June, September and December are the most popular months to marry in South Africa. The tradition of giving all the guests sugared almonds is increasingly being replaced by newer trends. One couple opted for giving an evergreen tree seedling instead. They felt that this would be more symbolic, as the tree was nurtured by family and friends, so would be their marriage.

It is becoming trendy these days to include all the guests more intimately in the ceremony, rather than just the family and the retinue. There are many ways of doing this. For example, one modern couple invited guests to bring with them a framed photograph of their own wedding day. These were displayed at the reception, allowing their guests to share more fully in their own special day, also adding a romantic and timeless touch to their wedding. In a ceremony which includes the lighting of a `unity candle`, all the guests can join the wedding couple in the tradition by lighting miniature candles. In the same way, the couple`s parents and step-parents can light the wedding table and guest`s candles as a symbol of `parents of the union` now being celebrated.

The wedding cake still remains a tradition; this dates back to ancient Rome where marriages were followed by a feast of various symbolic dishes. The cake, usually made with flour, salt and water was by far the most important and was often broken over the bride`s head to assure good fortune and fertility. The ancient tradition of the wedding cake says that no bride shall be happily married if she makes her own wedding cake, this will commit her to a life of drudgery; and that she must be the first to cut the cake to avoid unhappiness.

The usual fruitcake, baked months in advance is no longer a necessity and there is absolutely no reason why you should not explore other recipes for what is regarded as your `centrepiece`. Remember however that the bottom layer of the wedding cake still represents the couple as a family and the top represents them as a couple.

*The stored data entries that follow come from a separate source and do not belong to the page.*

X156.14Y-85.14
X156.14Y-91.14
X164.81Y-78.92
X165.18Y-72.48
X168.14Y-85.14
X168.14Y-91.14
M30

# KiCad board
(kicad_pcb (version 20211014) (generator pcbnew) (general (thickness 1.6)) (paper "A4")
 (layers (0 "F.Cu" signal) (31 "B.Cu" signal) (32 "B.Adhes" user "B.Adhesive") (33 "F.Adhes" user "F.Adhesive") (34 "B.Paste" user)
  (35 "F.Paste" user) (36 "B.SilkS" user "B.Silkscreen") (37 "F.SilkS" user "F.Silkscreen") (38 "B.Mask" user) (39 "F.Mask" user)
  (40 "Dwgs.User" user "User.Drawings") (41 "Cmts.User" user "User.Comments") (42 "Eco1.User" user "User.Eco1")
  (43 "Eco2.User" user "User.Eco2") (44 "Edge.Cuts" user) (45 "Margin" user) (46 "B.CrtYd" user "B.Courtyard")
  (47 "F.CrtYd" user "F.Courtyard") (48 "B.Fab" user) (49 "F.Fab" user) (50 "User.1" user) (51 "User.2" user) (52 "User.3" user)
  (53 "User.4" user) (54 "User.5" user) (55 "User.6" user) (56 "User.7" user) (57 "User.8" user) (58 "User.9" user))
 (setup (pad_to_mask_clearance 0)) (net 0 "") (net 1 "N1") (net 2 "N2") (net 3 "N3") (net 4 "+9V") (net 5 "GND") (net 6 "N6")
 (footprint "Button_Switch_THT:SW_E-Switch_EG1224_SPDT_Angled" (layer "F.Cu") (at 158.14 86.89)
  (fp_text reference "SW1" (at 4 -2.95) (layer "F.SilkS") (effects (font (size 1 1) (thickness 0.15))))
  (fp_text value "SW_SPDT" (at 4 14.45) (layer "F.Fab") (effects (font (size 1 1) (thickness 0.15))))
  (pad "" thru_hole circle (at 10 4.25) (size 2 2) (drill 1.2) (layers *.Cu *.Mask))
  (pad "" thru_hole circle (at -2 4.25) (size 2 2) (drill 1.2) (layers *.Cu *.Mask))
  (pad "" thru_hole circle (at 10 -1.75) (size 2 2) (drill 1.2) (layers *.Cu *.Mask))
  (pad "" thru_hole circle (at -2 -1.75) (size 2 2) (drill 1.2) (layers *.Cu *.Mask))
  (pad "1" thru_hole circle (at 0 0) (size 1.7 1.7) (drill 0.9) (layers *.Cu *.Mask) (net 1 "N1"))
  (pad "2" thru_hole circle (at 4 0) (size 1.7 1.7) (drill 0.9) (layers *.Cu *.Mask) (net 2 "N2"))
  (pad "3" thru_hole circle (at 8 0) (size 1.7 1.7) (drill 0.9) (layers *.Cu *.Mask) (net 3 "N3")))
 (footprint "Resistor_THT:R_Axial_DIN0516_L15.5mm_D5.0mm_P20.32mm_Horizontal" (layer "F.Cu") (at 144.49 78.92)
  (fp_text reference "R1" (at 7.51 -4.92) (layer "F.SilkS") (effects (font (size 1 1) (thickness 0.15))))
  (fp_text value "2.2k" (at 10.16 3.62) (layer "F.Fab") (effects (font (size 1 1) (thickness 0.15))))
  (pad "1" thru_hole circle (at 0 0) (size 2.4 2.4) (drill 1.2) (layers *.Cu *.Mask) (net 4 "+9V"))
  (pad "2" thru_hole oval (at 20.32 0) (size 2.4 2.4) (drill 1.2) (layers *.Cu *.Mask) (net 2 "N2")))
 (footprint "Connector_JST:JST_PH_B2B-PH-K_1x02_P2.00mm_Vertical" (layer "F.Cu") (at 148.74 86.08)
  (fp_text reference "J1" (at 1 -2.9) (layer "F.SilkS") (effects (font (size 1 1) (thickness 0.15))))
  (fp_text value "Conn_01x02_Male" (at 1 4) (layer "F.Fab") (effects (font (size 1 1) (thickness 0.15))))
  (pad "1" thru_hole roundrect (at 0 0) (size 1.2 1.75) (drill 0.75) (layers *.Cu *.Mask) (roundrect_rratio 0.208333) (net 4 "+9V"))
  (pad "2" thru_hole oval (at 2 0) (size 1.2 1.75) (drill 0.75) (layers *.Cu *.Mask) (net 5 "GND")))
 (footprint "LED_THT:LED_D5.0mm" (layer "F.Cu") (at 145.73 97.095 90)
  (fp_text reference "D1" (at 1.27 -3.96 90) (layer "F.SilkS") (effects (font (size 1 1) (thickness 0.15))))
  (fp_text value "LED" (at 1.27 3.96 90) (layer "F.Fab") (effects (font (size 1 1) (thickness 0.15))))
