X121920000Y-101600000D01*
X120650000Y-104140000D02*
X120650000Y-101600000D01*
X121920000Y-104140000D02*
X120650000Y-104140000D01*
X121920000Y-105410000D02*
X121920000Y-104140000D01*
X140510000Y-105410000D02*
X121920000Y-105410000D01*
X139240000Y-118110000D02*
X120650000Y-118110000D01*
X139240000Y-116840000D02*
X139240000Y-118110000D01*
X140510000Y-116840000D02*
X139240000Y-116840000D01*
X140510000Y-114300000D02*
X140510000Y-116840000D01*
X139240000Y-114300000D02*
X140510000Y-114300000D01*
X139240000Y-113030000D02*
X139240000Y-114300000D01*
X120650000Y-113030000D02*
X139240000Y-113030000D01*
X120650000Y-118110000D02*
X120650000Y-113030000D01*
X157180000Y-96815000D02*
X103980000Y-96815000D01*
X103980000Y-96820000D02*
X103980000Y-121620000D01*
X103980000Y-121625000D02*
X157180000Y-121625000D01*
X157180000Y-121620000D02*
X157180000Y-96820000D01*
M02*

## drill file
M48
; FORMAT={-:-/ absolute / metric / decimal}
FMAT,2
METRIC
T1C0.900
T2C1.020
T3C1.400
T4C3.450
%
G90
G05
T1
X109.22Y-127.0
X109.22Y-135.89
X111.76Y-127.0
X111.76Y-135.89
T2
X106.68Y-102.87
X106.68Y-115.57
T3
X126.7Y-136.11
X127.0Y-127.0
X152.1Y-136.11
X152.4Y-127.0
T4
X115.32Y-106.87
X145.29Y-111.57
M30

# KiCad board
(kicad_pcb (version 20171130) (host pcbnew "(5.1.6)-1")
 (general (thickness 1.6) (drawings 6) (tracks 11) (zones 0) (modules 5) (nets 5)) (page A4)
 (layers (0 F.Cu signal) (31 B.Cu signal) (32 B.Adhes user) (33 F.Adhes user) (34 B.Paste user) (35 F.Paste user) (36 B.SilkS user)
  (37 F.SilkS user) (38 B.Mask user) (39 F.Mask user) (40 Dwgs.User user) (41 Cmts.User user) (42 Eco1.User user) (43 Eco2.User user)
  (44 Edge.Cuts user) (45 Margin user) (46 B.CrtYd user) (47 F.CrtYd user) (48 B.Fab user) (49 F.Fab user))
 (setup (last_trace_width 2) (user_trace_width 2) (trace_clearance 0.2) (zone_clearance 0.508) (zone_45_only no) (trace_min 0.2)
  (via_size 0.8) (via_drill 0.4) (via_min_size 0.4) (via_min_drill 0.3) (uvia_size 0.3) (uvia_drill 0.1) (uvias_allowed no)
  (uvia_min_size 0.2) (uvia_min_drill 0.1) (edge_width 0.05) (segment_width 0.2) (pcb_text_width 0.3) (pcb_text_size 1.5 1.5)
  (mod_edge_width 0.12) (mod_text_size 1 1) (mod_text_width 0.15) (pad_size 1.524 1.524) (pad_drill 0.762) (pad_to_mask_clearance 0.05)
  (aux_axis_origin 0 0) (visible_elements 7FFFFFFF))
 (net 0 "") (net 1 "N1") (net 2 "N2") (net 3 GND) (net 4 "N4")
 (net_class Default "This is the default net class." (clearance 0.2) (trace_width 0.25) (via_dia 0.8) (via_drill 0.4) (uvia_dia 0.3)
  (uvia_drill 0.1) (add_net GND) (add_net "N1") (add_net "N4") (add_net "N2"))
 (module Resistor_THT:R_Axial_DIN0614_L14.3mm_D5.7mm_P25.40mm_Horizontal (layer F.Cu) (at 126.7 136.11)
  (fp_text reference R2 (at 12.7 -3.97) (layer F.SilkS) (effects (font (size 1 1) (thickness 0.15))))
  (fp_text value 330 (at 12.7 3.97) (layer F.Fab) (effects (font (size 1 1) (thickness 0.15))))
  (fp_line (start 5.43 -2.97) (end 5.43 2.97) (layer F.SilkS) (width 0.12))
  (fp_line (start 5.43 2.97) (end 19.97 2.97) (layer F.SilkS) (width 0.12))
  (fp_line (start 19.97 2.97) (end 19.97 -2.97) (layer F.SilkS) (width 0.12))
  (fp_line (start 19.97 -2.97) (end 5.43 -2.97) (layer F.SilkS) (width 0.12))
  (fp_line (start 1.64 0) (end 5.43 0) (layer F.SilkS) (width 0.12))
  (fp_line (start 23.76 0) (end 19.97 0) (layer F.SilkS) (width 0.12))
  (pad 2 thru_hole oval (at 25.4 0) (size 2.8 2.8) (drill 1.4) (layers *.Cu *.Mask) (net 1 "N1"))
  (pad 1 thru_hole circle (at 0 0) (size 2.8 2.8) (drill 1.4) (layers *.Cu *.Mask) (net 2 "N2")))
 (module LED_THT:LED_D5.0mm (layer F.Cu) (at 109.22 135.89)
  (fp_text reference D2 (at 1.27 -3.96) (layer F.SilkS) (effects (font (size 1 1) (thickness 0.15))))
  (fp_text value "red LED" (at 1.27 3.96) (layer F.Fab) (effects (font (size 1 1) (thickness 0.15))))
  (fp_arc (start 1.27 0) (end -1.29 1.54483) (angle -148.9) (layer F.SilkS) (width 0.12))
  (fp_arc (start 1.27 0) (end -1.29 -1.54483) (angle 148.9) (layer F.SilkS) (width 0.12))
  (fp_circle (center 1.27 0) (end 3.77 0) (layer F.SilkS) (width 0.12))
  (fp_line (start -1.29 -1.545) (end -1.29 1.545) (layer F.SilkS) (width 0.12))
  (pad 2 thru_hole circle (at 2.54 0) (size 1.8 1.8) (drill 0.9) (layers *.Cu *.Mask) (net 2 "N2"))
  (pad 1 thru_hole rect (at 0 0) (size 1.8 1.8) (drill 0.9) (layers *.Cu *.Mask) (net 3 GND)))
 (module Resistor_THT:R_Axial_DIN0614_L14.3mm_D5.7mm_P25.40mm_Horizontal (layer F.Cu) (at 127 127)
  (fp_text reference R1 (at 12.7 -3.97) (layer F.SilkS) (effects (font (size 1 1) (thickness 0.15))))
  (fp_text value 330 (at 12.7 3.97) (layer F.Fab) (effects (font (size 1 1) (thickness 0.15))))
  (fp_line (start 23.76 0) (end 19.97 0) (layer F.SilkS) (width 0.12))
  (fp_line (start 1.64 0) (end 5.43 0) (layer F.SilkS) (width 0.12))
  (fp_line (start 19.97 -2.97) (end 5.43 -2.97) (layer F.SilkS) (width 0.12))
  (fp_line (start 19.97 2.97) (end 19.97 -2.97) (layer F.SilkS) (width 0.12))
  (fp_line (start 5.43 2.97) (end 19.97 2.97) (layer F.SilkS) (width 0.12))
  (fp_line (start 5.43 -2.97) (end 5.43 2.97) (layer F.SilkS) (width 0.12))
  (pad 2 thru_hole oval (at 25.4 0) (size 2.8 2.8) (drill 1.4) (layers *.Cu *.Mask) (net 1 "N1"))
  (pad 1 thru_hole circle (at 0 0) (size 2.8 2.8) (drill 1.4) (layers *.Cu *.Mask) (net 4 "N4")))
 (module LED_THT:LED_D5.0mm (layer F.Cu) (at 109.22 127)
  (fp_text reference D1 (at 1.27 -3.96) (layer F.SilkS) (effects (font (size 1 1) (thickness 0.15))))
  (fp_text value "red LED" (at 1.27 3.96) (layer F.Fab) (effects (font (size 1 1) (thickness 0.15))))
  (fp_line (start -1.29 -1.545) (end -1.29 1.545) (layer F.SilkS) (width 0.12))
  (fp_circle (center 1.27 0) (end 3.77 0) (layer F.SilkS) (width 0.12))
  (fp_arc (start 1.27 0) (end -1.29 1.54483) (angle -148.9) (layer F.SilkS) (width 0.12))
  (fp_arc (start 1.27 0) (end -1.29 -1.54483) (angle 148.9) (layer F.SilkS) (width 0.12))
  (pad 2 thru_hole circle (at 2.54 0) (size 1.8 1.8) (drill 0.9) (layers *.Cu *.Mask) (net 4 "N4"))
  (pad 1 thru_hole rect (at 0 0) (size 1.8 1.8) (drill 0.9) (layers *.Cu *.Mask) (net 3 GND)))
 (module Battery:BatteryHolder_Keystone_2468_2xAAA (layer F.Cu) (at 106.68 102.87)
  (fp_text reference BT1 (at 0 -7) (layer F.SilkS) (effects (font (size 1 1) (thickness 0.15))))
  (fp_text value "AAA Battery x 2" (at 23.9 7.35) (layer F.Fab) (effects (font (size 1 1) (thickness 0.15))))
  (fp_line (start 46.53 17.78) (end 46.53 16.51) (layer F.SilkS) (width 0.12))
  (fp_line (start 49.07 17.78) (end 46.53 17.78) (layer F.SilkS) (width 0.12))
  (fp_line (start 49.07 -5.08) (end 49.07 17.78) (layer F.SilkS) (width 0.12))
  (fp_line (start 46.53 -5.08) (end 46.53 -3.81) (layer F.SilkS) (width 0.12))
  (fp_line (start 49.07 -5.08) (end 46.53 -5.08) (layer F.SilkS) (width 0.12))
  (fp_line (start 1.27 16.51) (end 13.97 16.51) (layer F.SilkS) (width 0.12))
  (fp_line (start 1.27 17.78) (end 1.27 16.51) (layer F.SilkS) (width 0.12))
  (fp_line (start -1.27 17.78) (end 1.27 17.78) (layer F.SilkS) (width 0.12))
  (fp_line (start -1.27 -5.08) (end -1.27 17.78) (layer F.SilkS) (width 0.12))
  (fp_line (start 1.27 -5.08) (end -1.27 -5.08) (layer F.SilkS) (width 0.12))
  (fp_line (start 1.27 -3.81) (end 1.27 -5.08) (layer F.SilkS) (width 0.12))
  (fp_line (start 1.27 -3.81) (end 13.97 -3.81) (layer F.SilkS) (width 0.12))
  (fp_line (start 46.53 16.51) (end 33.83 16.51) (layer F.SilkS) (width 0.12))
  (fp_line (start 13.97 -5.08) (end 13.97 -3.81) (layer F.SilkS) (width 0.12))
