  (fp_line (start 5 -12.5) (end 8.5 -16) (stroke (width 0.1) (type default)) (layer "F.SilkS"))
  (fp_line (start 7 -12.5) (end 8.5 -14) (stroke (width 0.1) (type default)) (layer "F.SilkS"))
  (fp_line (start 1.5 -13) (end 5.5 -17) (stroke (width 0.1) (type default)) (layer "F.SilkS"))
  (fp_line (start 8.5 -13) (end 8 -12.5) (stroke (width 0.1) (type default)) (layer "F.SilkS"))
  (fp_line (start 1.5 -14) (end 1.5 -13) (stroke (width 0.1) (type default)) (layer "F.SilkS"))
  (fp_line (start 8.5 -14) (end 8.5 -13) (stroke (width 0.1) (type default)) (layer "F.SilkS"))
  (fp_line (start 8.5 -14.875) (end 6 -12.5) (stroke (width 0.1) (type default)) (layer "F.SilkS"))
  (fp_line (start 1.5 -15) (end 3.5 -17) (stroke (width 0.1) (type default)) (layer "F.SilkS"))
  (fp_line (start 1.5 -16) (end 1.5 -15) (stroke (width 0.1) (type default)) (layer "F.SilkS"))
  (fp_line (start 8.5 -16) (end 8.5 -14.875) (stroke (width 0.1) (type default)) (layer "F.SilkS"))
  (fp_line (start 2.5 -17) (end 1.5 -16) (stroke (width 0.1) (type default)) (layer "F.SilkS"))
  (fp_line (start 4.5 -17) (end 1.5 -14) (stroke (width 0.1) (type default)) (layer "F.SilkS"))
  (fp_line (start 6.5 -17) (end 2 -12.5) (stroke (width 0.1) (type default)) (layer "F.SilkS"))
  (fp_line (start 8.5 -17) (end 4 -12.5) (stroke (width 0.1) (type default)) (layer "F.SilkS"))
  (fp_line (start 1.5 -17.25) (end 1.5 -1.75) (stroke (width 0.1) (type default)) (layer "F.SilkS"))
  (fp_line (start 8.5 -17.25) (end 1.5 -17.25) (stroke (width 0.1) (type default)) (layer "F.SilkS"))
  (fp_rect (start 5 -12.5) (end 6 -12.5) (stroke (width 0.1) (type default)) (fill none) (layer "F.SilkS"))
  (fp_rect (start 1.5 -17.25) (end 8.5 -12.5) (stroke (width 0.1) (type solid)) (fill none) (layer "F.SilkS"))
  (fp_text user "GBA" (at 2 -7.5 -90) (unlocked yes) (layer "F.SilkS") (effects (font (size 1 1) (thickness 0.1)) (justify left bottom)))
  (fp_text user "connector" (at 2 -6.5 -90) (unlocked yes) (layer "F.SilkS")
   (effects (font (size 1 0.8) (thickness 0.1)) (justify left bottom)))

The tiers or layers in-between represents the children the couple hope to have.

Of course, few weddings are complete without Something Old, Something New, Something Borrowed and Something Blue and this is a ritual that seems to elude few brides indeed. The superstition is said to have originated in England although many other cultures have similar customs. All these traditions, however seem to stem from the belief that luck may be passed from one happy woman to another. Wearing something old is said to give good luck, something borrowed to bring happiness, something new symbolises the new life created by marriage and something blue, which upholders of the superstition insist should be sky blue, shows trueness and fidelity. Somehow the `blue` tradition has been furthered; the blue should not be apparent nor in contrast with the white of the bride`s attire, and this has given us the modern custom of wearing a blue garter. Whichever you choose - traditional or modern innovation - with a little imagination and the help of your family and friends, you are guaranteed to have a unique and memorable wedding. Try to enjoy your special day and above all - try to remember each moment.